De modo a exemplificar a aplicação do ajuste, podemos considerar uma empresa brasileira exportadora de serviços que precifica suas vendas no mercado externo por meio de aplicação de margem sobre o custo total incorrido (custos diretos, custos indiretos e despesas operacionais). Neste caso, a aplicação do método Margem Líquida da Transação (MLT), para o qual é necessário identificar a margem liquida obtida em transações entre empresas não relacionadas, se demonstra como razoável.

O intervalo de lucratividade, destacado a seguir, apresenta quartil inferior de 10% e quartil superior de 15%. Caso a empresa brasileira apresente margem neste intervalo, considera-se atendido o princípio Arm’s Length. Por outro lado, se a margem estiver abaixo desse intervalo, será necessário efetuar um ajuste de preços de transferência.

No exemplo acima, o Momento 1 apresenta indicador de lucratividade fora do intervalo apropriado, resultando na necessidade de ajuste na base de cálculo do IRPJ e CSLL no valor de 64,00, considerando o cálculo pela mediana da amostragem, como exigido pelo parágrafo 4º do artigo 16 da Lei 14.596/23.

Sendo possível a emissão de uma nota complementar no montante do ajuste, antes do encerramento dos livros contábeis e antes do envio da ECF, o contribuinte pode se valer do ajuste compensatório. Neste caso, além da emissão da nota, será necessária a contabilização do valor de forma permanente nos registros contábeis como uma receita operacional, assim como indicado no Momento 2 do exemplo.  

Para o contribuinte brasileiro – parte testada nesta operação –, o resultado tributável será essencialmente o mesmo. O Momento 1 apresenta Lucro de 50,00 e demandaria a adição do ajuste de preços de transferência no montante de 64,00, passando a apresentar um lucro tributável de 114,00. Após o ajuste compensatório, o Momento 2 apresenta exatamente o lucro de 114,00 e não requer outros ajustes de preços de transferência. No entanto, para a contraparte no exterior, a despesa com o serviço prestado pelo Brasil passa de 1.000,00 para 1.064,00, resultando em uma redução da base tributável da contraparte e terminando com a dupla tributação caso a empresa se mantivesse no Momento 1.  

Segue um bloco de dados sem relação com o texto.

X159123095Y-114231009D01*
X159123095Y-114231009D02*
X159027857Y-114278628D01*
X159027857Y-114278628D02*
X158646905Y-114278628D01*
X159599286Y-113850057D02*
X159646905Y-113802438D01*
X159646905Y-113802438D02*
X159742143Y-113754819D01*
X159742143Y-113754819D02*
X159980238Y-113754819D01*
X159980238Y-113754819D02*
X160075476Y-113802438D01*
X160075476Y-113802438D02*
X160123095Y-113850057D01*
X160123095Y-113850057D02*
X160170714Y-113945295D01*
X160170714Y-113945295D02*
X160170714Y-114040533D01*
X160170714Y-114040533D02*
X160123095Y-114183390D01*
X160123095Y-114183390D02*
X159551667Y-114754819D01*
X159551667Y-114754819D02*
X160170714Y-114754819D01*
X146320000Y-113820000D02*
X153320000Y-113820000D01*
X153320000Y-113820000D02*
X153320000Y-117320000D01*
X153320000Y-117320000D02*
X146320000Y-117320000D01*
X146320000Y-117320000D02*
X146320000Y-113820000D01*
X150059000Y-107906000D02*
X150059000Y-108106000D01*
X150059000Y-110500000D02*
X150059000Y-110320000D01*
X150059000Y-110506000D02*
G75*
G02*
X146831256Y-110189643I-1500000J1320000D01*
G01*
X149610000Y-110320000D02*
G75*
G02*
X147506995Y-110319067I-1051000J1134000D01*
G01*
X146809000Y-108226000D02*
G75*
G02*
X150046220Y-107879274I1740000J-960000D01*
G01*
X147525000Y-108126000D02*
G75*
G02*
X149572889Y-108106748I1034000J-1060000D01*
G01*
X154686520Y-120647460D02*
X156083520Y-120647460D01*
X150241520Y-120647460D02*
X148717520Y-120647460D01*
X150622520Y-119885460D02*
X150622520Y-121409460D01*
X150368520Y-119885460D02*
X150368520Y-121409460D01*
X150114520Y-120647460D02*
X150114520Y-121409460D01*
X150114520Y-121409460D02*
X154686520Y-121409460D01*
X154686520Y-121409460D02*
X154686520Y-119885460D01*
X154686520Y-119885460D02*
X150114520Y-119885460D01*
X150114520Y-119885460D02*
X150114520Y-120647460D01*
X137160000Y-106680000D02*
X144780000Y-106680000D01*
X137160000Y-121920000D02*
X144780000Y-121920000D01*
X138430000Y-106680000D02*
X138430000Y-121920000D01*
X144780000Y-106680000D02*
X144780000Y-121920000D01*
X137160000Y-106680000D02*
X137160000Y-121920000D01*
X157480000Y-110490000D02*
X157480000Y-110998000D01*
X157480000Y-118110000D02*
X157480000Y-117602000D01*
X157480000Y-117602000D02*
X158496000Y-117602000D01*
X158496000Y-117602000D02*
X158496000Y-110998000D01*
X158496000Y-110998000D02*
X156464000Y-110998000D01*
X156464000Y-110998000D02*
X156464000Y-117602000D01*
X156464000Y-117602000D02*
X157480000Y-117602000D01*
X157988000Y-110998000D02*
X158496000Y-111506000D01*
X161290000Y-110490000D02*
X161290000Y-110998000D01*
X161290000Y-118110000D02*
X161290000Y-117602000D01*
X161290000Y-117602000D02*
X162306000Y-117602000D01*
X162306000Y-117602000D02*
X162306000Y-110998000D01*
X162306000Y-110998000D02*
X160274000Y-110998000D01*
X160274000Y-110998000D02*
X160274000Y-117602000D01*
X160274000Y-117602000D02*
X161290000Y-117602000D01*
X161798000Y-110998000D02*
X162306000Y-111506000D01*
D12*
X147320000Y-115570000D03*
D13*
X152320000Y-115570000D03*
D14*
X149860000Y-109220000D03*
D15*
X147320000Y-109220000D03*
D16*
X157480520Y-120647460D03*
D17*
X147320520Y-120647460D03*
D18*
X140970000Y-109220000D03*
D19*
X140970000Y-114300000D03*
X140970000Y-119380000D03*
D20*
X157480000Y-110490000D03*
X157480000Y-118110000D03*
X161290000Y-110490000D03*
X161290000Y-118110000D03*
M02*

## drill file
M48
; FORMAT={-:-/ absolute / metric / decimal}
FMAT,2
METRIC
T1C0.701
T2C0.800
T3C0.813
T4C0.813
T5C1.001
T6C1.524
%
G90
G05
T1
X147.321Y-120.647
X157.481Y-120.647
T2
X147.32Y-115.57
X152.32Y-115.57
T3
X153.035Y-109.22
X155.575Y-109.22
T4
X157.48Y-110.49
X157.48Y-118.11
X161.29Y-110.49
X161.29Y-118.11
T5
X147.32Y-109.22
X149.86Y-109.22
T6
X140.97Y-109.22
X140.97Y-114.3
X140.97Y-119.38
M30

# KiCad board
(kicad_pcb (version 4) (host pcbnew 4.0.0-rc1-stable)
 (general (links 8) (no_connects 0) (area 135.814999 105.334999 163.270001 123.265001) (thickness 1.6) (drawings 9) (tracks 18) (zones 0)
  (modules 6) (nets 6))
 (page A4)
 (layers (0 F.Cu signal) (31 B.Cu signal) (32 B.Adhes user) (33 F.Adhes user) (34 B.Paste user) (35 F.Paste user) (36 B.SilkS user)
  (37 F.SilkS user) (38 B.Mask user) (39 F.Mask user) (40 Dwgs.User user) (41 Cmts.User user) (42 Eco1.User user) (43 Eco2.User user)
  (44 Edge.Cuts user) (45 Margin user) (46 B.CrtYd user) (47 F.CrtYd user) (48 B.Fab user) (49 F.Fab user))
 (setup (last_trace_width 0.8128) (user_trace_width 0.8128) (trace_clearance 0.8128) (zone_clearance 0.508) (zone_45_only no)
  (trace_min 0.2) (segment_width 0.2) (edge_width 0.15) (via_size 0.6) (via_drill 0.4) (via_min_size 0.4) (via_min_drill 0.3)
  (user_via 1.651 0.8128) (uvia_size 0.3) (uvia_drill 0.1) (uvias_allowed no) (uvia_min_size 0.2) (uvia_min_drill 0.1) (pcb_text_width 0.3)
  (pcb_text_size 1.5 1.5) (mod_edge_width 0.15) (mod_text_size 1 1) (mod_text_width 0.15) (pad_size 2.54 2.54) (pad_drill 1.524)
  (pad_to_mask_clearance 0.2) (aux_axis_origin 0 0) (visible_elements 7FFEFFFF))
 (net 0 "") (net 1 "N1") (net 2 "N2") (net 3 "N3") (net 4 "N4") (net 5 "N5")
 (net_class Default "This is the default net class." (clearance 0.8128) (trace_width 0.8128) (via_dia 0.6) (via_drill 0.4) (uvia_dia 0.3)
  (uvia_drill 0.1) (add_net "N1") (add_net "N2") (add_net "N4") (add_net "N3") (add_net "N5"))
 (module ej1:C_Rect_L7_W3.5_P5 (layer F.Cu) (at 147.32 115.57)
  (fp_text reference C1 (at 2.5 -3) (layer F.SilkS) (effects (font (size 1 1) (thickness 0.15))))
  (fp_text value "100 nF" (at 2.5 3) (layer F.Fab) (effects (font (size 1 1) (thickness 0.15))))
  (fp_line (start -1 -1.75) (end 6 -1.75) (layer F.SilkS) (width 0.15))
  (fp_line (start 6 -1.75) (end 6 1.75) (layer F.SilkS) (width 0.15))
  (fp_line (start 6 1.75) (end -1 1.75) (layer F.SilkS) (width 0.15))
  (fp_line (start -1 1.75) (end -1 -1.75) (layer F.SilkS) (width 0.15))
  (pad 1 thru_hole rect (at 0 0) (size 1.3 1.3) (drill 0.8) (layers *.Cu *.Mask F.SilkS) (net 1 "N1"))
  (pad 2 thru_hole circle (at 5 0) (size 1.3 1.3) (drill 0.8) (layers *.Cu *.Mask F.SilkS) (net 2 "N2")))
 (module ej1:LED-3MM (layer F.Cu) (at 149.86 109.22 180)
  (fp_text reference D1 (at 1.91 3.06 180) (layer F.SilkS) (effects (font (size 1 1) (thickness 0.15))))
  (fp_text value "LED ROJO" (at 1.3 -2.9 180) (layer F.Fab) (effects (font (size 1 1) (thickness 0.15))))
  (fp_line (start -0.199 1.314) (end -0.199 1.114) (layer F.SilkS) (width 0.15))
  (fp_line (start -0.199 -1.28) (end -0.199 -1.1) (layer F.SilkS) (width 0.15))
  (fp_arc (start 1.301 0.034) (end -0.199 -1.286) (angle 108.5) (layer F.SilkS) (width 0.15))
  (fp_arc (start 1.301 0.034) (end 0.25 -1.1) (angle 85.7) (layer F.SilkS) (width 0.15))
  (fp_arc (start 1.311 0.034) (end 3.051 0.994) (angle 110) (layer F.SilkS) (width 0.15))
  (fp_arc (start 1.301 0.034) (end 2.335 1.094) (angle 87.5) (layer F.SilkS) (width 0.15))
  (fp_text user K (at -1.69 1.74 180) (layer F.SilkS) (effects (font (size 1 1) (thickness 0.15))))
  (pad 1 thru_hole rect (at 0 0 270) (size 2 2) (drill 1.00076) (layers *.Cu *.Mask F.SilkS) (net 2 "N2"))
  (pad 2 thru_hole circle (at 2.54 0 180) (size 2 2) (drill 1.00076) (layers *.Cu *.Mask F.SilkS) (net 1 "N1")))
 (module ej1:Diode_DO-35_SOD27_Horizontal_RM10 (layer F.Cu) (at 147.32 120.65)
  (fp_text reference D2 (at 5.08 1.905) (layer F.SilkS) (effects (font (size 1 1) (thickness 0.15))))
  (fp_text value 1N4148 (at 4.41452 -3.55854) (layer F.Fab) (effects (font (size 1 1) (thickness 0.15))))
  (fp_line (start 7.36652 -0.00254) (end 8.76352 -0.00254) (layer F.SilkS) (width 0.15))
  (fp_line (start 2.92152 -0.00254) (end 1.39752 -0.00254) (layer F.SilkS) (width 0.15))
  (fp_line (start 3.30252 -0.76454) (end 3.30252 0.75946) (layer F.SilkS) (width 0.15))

Ademais das vantagens do ajuste compensatório para o grupo multinacional, é importante entender se as regras de governança e se os sistemas contábeis e fiscais utilizados permitem a formalização de notas complementares e reconhecimentos de receitas, custos ou despesas após a conclusão do ano-calendário civil, e em qual momento os livros contábeis são encerrados. Este é um tema que cada contribuinte deve avaliar, além de ser suportado por análises pautadas nas informações que melhor refletem o resultado da parte testada, com indicações precisas dos intervalos ou parâmetros de comparáveis para estimar os eventuais ajustes.